Il re degli ignoranti


di Roberto Tortora

Scuola superiore, ore 11.05. Suona la campanella dell’intervallo. In una classe quinta i ragazzi si radunano intorno a un banco. Hanno diciotto, diciannove anni e sono equipaggiati con la migliore strumentazione tecnologica disponibile sul mercato, I-Pod, Kindle, Tablet, smartphone, ecc. Eppure questa mattina si armano di penna e quaderno per sfidarsi a “Nomi di cose, fiori, frutta, città,…” Insomma, il fascino intramontabile dei vecchi giochi… Tirano a sorte ed esce la Effe. Dicono: “fresia”, “fragola”, “Firenze”… Quindi, Mestieri con la Effe. Questa è più difficile. Uno di loro ci pensa su. Si concentra. Socchiude gli occhi. Infine esclama: “Ho trovato: Filippina!”

Non è una battuta. E’ solo un caso di ordinaria vita scolastica.

Un filo rosso attraversa le cronache del nostro Paese da anni. Non la curva dello spread, né l’indice di popolarità dei nostri leader politici e neanche il vertiginoso aumento della criminalità a sud e a nord di Roma. E’, invece, il tasso di analfabetismo di ritorno che caratterizza la popolazione italiana e che poggia le sue basi su un sistema scolastico in crisi di identità. Ci si chiede se valga ancora la pena spendere il 4,4% del PIL (dati 2008) nell’Istruzione pubblica. Ci si domanda cosa debba insegnare la Scuola: quali materie, con quali metodi, con quali insegnanti. E ancora: Non sarebbe meglio collegarsi da casa e diplomarsi on line? Domande che si moltiplicano, incertezze che crescono, dibattiti incandescenti.

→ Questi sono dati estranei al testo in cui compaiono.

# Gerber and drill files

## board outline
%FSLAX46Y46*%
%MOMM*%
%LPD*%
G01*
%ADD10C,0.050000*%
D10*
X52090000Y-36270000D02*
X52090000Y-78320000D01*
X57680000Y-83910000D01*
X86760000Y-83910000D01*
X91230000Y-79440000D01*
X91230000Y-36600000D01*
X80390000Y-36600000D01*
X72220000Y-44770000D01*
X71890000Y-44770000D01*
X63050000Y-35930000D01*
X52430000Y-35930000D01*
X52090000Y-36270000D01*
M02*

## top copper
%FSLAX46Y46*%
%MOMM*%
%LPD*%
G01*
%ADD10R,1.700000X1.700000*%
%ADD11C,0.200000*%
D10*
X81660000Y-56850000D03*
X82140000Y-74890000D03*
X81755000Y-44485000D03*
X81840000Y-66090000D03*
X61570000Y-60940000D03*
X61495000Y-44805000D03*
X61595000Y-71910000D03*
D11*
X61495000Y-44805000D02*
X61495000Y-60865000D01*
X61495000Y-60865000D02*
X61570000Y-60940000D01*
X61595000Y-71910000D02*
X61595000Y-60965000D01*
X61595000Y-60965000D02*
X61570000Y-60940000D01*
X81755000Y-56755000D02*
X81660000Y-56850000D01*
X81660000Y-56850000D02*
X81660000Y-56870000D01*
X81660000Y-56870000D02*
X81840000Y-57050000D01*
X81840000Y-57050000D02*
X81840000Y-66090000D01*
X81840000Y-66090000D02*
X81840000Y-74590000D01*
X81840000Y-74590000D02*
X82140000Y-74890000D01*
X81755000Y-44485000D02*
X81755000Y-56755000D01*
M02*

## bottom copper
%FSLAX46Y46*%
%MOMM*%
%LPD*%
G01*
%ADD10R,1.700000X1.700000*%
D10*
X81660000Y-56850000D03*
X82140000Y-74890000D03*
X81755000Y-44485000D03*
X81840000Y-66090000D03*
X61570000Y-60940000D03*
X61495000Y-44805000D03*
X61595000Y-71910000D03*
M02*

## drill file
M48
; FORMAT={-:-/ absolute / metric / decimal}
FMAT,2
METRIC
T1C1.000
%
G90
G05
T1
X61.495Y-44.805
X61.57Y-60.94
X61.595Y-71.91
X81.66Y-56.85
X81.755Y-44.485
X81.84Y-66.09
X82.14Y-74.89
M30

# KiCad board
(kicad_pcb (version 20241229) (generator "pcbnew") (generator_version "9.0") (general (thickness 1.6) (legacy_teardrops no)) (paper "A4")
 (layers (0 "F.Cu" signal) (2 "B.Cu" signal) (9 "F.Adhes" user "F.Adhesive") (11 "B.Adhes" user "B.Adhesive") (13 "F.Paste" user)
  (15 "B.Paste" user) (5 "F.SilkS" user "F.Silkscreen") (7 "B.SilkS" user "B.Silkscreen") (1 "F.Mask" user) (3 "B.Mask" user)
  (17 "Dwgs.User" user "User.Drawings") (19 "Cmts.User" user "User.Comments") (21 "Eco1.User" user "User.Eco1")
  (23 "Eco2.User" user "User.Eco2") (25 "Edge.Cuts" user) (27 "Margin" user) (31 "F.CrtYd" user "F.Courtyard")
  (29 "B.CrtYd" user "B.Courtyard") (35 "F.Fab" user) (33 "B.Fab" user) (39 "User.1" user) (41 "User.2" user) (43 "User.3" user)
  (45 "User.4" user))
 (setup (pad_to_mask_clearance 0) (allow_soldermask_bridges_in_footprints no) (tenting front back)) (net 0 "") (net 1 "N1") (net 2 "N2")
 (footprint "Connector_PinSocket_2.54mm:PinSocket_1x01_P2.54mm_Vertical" (layer "F.Cu") (at 81.66 56.85)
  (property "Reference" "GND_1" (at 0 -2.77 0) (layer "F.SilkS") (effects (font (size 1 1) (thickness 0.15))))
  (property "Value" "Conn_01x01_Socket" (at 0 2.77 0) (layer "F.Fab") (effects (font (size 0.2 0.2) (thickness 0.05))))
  (pad "1" thru_hole rect (at 0 0) (size 1.7 1.7) (drill 1) (layers "*.Cu" "*.Mask") (remove_unused_layers no) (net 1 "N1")))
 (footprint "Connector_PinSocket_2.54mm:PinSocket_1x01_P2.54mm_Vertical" (layer "F.Cu") (at 82.14 74.89)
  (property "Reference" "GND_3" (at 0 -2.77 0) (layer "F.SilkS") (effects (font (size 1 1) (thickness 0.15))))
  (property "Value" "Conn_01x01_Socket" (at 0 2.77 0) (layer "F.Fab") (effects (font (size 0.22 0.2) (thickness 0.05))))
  (pad "1" thru_hole rect (at 0 0) (size 1.7 1.7) (drill 1) (layers "*.Cu" "*.Mask") (remove_unused_layers no) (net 1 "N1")))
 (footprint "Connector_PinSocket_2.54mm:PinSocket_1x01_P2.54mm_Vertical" (layer "F.Cu") (at 81.755 44.485)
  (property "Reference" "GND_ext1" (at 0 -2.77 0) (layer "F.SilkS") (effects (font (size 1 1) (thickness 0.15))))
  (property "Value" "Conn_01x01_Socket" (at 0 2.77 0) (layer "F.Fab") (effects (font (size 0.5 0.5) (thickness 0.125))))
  (pad "1" thru_hole rect (at 0 0) (size 1.7 1.7) (drill 1) (layers "*.Cu" "*.Mask") (remove_unused_layers no) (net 1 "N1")))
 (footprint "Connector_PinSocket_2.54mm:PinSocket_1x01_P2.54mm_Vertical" (layer "F.Cu") (at 81.84 66.09)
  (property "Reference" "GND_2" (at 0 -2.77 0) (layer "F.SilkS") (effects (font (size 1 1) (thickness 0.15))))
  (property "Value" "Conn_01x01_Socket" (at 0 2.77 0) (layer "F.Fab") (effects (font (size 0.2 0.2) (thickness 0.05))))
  (pad "1" thru_hole rect (at 0 0) (size 1.7 1.7) (drill 1) (layers "*.Cu" "*.Mask") (remove_unused_layers no) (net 1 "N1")))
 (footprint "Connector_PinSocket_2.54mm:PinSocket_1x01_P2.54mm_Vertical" (layer "F.Cu") (at 61.57 60.94)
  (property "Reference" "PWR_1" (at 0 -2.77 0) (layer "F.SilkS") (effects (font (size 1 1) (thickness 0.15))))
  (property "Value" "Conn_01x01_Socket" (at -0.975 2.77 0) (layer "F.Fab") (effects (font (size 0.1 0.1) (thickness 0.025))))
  (pad "1" thru_hole rect (at 0 0) (size 1.7 1.7) (drill 1) (layers "*.Cu" "*.Mask") (remove_unused_layers no) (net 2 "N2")))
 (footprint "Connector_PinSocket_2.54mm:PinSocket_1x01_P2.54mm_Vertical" (layer "F.Cu") (at 61.495 44.805)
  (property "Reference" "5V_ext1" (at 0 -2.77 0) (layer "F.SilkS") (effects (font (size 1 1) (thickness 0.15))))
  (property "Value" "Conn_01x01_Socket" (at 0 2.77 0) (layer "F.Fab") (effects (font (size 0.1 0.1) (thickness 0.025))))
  (pad "1" thru_hole rect (at 0 0) (size 1.7 1.7) (drill 1) (layers "*.Cu" "*.Mask") (remove_unused_layers no) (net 2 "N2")))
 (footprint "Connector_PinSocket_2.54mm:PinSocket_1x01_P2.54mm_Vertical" (layer "F.Cu") (at 61.595 71.91)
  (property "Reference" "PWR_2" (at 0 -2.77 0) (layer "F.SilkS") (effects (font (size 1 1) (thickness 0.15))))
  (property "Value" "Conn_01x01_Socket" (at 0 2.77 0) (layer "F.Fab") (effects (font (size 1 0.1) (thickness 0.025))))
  (pad "1" thru_hole rect (at 0 0) (size 1.7 1.7) (drill 1) (layers "*.Cu" "*.Mask") (remove_unused_layers no) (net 2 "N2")))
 (gr_poly
  (pts (xy 52.09 36.27) (xy 52.09 78.32) (xy 57.68 83.91) (xy 86.76 83.91) (xy 91.23 79.44) (xy 91.23 36.6) (xy 80.39 36.6) (xy 72.22 44.77)
   (xy 71.89 44.77) (xy 63.05 35.93) (xy 52.43 35.93))
  (stroke (width 0.05) (type solid)) (fill no) (layer "Edge.Cuts"))
 (segment (start 61.495 44.805) (end 61.495 60.865) (width 0.2) (layer "F.Cu") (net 2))
 (segment (start 61.495 60.865) (end 61.57 60.94) (width 0.2) (layer "F.Cu") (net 2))
 (segment (start 61.595 71.91) (end 61.595 60.965) (width 0.2) (layer "F.Cu") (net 2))
 (segment (start 61.595 60.965) (end 61.57 60.94) (width 0.2) (layer "F.Cu") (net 2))
 (segment (start 81.755 56.755) (end 81.66 56.85) (width 0.2) (layer "F.Cu") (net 1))
 (segment (start 81.66 56.85) (end 81.66 56.87) (width 0.2) (layer "F.Cu") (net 1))
 (segment (start 81.66 56.87) (end 81.84 57.05) (width 0.2) (layer "F.Cu") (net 1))
 (segment (start 81.84 57.05) (end 81.84 66.09) (width 0.2) (layer "F.Cu") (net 1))
 (segment (start 81.84 66.09) (end 81.84 74.59) (width 0.2) (layer "F.Cu") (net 1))
 (segment (start 81.84 74.59) (end 82.14 74.89) (width 0.2) (layer "F.Cu") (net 1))
 (segment (start 81.755 44.485) (end 81.755 56.755) (width 0.2) (layer "F.Cu") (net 1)))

Quel che resta è il grido di allarme a più riprese lanciato dagli operatori che a vario titolo hanno a cuore il futuro delle giovani generazioni, cioè il futuro del Paese.

In un Convegno tenutosi a Firenze all’inizio dello scorso novembre, Tullio De Mauro, padre storico della Linguistica italiana, ha dichiarato che il 71 per cento della popolazione non riesce a comprendere un testo di media difficoltà. Tecnicamente, si chiama “analfabetismo di ritorno”, praticamente, è l’anticamera dell’emergenza sociale. Ma nessuno sembra preoccuparsene. Prima c’era il bunga bunga, poi il loden del prof. Monti, a gennaio il naufragio della Concordia e adesso la neve. L’istruzione non conta. Anzi, pare che un certo tasso di ignoranza sintattica e lessicale costituisca la carta segreta per superare le selezioni del Grande Fratello.

Un accorato appello al Ministro Gelmini lo aveva rivolto Paola Mastrocola, scrittrice e insegnante, richiamando l’attenzione sulla necessità di ricominciare ad insegnare – e anche bene! – la lingua italiana. Sulla stessa linea si era espresso Carlo Formenti, docente di Scienze della Comunicazione, costretto a denunciare l’intollerabile quantità di errori grammaticali presenti nelle Tesi di laurea.

E il nuovo Ministro, il professor Profumo? Per adesso non gode di molta visibilità. Altre sono le urgenze del Paese. Tutte di carattere economico finanziario. Tanto devastanti negli effetti, quanto sincopate nella denominazione. Un unico, telegrafico succedersi di acronimi e di lemmi inglesi: BCE, FMI, S&P, tripla A, downgrading… un rincorrersi di numeri negativi e percentuali che fanno perfino perdere la voglia di parlare e di capire. Di parlare e di capire in un Italiano finalmente corretto.

Ma non perdiamoci d’animo. Tra pochi giorni qualcosa potrebbe cambiare.

Ospite del Festival di San Remo sarà Adriano Celentano, che una volta amò definirsi “il re degli ignoranti”. Lo scrisse anche alla lavagna. Ha firmato un contratto per trecentomila euro a puntata. Di questi tempi! Vorrà pur dire che i suoi monologhi avranno il potere di rivoluzionare la nostra conoscenza della Lingua e chissà, forse perfino la nostra visione del mondo. E siccome tutti conosciamo il solenne concentrato di cultura che si nasconde dietro i suoi lunghi silenzi, non ci resta altro da fare che starcene buoni buoni in poltrona, incollati davanti alla tivù, aspettando che le sublimazioni linguistiche di cui è capace restituiscano agli Italiani quel sano orgoglio identitario di cui abbiamo urgente bisogno.